--- START ---

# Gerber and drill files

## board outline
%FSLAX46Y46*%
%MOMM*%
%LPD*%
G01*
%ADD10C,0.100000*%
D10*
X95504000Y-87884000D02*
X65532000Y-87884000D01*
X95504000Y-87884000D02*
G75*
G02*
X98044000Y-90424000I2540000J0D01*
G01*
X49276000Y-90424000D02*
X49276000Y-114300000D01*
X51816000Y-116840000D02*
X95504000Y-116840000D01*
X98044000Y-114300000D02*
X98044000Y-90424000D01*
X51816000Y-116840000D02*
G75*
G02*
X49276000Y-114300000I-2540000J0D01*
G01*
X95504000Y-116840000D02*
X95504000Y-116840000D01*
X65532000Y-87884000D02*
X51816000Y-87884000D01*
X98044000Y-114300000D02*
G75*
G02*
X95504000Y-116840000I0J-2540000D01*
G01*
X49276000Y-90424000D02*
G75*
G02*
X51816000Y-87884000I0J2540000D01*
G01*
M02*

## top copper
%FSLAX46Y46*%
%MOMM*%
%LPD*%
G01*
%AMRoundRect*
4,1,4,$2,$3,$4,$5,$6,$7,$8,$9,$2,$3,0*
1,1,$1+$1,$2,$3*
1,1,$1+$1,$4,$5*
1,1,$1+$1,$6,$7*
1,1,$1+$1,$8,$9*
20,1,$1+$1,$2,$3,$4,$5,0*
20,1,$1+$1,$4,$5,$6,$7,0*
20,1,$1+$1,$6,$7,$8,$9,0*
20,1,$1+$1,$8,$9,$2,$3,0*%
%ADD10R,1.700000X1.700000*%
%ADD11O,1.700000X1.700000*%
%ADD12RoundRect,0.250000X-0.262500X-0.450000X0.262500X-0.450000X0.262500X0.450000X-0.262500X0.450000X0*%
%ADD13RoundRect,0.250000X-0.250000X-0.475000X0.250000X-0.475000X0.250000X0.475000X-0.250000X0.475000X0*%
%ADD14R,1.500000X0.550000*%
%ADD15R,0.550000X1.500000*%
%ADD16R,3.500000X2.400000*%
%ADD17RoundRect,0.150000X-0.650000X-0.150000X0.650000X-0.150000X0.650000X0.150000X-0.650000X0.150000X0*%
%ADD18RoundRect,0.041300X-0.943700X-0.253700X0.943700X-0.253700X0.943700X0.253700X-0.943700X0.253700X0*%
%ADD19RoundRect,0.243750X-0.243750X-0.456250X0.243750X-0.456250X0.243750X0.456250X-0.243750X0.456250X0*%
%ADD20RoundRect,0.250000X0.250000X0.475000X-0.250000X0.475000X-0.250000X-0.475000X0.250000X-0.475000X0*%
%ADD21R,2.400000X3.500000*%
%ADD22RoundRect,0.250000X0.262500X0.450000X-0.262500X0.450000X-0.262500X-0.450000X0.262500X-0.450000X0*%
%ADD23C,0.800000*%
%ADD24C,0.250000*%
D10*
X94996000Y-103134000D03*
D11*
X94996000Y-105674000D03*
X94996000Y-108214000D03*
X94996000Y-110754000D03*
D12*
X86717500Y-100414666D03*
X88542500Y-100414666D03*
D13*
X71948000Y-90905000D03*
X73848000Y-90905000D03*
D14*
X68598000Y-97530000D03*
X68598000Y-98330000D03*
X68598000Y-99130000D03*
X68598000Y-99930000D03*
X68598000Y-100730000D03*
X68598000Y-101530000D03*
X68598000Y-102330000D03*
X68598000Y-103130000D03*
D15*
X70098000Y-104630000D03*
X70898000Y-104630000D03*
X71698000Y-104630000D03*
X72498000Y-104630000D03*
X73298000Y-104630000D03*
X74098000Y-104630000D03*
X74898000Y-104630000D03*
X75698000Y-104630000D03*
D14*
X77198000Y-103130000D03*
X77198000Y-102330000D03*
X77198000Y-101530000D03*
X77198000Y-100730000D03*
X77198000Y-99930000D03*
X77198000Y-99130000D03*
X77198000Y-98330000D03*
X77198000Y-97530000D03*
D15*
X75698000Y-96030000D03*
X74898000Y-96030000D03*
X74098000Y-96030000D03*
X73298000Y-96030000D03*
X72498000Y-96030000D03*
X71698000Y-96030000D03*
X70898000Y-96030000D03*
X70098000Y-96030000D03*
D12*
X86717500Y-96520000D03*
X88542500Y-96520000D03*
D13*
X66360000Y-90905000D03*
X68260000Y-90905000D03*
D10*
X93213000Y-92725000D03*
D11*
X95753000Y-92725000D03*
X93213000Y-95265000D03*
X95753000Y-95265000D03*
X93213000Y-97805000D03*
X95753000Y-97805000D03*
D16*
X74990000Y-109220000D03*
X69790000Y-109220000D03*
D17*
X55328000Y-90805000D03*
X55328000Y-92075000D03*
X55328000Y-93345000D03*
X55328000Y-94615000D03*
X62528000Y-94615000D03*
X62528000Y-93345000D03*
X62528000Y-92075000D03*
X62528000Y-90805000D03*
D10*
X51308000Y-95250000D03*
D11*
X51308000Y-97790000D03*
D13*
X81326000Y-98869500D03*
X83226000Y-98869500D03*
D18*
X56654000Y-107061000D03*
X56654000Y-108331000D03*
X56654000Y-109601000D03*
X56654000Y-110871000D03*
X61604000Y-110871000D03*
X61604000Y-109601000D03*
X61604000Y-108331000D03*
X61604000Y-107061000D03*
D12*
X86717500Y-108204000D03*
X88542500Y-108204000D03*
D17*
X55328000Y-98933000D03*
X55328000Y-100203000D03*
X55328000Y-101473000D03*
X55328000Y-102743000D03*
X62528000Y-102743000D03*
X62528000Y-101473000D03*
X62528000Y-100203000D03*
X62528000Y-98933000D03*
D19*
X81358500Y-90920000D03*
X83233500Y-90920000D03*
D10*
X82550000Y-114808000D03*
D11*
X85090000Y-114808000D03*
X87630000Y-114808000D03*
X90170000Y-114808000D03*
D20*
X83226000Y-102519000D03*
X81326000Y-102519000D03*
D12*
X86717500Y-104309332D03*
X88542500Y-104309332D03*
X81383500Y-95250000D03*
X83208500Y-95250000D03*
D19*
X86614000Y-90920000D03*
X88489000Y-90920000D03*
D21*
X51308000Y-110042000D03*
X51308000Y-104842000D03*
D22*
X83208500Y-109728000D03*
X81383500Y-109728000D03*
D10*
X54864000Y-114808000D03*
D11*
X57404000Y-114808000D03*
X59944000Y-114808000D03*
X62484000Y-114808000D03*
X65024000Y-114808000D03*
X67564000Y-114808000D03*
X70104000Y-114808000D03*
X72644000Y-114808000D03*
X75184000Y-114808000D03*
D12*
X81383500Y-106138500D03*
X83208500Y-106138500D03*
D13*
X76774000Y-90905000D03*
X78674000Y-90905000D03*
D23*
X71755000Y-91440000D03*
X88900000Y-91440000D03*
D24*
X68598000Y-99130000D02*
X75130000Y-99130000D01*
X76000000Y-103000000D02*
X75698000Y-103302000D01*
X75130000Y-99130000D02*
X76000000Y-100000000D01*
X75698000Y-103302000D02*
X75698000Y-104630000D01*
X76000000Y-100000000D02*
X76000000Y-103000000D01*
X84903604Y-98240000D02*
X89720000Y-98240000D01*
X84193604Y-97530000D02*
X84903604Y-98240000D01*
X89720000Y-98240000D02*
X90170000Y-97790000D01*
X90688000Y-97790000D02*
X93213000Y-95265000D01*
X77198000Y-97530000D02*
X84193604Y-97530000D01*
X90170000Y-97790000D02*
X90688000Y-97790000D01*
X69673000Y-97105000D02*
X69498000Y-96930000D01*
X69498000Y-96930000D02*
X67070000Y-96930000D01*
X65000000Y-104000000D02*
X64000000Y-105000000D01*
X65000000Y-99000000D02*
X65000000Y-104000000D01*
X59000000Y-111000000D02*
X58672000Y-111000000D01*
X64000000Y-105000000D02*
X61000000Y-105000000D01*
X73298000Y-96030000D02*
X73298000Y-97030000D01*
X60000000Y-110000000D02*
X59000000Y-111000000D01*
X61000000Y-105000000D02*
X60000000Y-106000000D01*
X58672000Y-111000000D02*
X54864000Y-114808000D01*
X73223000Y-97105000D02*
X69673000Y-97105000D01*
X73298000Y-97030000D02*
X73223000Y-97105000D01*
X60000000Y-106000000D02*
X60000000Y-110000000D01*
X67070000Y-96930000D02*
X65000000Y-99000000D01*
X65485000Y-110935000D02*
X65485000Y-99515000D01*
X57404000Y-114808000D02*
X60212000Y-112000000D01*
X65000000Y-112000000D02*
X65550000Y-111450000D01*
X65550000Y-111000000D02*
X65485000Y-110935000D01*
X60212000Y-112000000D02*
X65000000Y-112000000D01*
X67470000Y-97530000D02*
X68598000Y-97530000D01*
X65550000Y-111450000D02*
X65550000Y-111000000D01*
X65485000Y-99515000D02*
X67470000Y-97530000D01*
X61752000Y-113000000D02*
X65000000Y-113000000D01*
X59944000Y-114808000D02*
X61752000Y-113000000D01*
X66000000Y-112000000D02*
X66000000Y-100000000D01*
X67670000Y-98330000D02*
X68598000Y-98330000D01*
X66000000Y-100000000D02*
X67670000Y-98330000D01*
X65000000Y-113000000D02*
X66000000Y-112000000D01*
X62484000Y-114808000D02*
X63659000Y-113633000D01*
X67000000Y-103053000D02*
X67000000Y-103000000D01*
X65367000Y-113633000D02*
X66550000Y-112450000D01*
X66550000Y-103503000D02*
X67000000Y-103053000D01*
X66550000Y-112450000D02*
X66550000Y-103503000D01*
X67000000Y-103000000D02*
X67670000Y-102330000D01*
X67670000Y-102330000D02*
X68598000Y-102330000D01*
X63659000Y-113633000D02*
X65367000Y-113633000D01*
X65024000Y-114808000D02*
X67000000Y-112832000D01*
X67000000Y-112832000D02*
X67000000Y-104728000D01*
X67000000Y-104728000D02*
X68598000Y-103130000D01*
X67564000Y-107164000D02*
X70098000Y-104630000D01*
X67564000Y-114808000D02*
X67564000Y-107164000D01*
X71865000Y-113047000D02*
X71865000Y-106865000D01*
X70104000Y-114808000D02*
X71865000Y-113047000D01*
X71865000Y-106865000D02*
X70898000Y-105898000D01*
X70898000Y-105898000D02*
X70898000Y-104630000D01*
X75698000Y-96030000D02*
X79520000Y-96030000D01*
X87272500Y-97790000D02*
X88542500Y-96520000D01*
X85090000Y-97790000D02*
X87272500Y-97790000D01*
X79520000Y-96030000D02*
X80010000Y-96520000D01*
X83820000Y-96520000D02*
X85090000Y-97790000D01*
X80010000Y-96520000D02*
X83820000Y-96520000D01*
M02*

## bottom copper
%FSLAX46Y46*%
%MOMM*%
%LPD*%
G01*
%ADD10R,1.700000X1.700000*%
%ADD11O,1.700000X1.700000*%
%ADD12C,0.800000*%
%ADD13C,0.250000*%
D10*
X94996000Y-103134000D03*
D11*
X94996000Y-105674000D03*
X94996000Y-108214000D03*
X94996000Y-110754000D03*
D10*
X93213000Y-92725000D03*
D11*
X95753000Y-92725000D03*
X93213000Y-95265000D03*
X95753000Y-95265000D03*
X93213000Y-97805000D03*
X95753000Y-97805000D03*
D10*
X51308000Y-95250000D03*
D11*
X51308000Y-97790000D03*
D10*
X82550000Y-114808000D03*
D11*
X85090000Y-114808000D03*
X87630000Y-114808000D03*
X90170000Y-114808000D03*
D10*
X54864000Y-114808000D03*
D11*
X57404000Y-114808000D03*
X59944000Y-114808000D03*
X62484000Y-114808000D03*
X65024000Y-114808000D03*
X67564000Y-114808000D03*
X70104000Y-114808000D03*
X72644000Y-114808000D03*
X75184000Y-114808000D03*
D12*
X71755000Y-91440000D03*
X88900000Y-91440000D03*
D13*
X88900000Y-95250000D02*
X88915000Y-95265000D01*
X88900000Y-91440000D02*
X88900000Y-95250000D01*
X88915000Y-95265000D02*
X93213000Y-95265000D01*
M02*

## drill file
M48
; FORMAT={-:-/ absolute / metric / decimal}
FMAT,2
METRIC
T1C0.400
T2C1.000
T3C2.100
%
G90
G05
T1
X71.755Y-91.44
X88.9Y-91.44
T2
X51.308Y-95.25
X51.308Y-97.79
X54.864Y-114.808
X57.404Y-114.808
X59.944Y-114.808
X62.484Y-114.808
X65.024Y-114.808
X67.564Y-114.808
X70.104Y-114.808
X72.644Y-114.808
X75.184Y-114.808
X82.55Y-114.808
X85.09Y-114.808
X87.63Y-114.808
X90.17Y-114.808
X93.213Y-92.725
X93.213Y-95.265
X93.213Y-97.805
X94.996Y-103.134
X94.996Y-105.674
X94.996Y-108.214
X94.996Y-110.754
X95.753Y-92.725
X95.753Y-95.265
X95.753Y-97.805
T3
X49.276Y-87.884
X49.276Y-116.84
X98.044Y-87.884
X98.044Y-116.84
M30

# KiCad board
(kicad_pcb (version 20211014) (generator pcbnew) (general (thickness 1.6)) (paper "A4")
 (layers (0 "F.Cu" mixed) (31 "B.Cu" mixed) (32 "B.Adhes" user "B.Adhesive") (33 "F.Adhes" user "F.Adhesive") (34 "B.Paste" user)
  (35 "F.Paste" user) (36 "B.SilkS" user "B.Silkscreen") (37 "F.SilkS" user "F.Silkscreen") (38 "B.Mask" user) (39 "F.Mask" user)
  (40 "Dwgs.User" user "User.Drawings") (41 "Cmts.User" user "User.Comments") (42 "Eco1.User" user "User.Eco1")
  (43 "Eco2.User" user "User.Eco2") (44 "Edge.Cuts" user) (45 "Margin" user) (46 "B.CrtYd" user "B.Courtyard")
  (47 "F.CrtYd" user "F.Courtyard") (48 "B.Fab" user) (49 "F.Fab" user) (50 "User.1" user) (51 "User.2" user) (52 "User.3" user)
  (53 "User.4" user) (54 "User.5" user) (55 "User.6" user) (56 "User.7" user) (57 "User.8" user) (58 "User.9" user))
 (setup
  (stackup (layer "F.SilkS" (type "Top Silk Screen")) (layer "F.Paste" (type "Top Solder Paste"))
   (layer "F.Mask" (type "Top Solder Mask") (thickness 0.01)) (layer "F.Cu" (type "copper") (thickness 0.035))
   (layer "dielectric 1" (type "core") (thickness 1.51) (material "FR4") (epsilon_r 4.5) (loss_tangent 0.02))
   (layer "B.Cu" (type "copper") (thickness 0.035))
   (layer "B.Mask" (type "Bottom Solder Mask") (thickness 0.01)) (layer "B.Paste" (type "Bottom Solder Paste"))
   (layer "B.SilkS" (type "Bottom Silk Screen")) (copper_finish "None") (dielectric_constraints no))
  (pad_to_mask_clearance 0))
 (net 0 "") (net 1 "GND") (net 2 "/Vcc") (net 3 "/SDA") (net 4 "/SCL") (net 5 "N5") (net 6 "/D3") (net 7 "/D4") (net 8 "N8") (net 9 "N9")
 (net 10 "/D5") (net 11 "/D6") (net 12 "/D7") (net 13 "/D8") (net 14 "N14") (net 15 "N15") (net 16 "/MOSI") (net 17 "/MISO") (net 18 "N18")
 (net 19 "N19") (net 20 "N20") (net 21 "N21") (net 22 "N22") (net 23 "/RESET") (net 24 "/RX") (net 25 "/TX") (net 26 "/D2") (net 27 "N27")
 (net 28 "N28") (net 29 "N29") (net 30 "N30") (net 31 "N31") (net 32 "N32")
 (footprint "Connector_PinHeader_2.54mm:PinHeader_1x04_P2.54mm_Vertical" (layer "F.Cu") (at 94.996 103.134)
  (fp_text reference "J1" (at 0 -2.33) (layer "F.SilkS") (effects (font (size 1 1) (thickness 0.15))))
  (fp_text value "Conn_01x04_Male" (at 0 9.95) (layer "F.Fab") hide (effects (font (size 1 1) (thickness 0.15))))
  (pad "1" thru_hole rect (at 0 0) (size 1.7 1.7) (drill 1) (layers *.Cu *.Mask) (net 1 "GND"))
  (pad "2" thru_hole oval (at 0 2.54) (size 1.7 1.7) (drill 1) (layers *.Cu *.Mask) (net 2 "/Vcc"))
  (pad "3" thru_hole oval (at 0 5.08) (size 1.7 1.7) (drill 1) (layers *.Cu *.Mask) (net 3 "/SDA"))
  (pad "4" thru_hole oval (at 0 7.62) (size 1.7 1.7) (drill 1) (layers *.Cu *.Mask) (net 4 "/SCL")))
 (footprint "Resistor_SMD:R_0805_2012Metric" (layer "F.Cu") (at 87.63 100.414666)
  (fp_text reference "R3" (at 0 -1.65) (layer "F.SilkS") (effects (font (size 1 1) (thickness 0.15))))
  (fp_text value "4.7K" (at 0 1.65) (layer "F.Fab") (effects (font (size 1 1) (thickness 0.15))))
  (pad "1" smd roundrect (at -0.9125 0) (size 1.025 1.4) (layers "F.Cu" "F.Paste" "F.Mask") (roundrect_rratio 0.243902) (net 2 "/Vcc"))
  (pad "2" smd roundrect (at 0.9125 0) (size 1.025 1.4) (layers "F.Cu" "F.Paste" "F.Mask") (roundrect_rratio 0.243902) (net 3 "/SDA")))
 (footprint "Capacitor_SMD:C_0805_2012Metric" (layer "F.Cu") (at 72.898 90.905)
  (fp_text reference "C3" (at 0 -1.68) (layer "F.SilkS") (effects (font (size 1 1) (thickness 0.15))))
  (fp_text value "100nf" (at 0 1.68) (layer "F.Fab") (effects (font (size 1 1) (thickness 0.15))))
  (pad "1" smd roundrect (at -0.95 0) (size 1 1.45) (layers "F.Cu" "F.Paste" "F.Mask") (roundrect_rratio 0.25) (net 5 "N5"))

--- END ---

In the listing above, locate the line containing "X67000000Y-103000000D02*" and the line containing "X80010000Y-96520000D01*". Transcribe those two lines and everything between them, exactly as written.

→ RESULT OF THIS EXERCISE:
X67000000Y-103000000D02*
X67670000Y-102330000D01*
X67670000Y-102330000D02*
X68598000Y-102330000D01*
X63659000Y-113633000D02*
X65367000Y-113633000D01*
X65024000Y-114808000D02*
X67000000Y-112832000D01*
X67000000Y-112832000D02*
X67000000Y-104728000D01*
X67000000Y-104728000D02*
X68598000Y-103130000D01*
X67564000Y-107164000D02*
X70098000Y-104630000D01*
X67564000Y-114808000D02*
X67564000Y-107164000D01*
X71865000Y-113047000D02*
X71865000Y-106865000D01*
X70104000Y-114808000D02*
X71865000Y-113047000D01*
X71865000Y-106865000D02*
X70898000Y-105898000D01*
X70898000Y-105898000D02*
X70898000Y-104630000D01*
X75698000Y-96030000D02*
X79520000Y-96030000D01*
X87272500Y-97790000D02*
X88542500Y-96520000D01*
X85090000Y-97790000D02*
X87272500Y-97790000D01*
X79520000Y-96030000D02*
X80010000Y-96520000D01*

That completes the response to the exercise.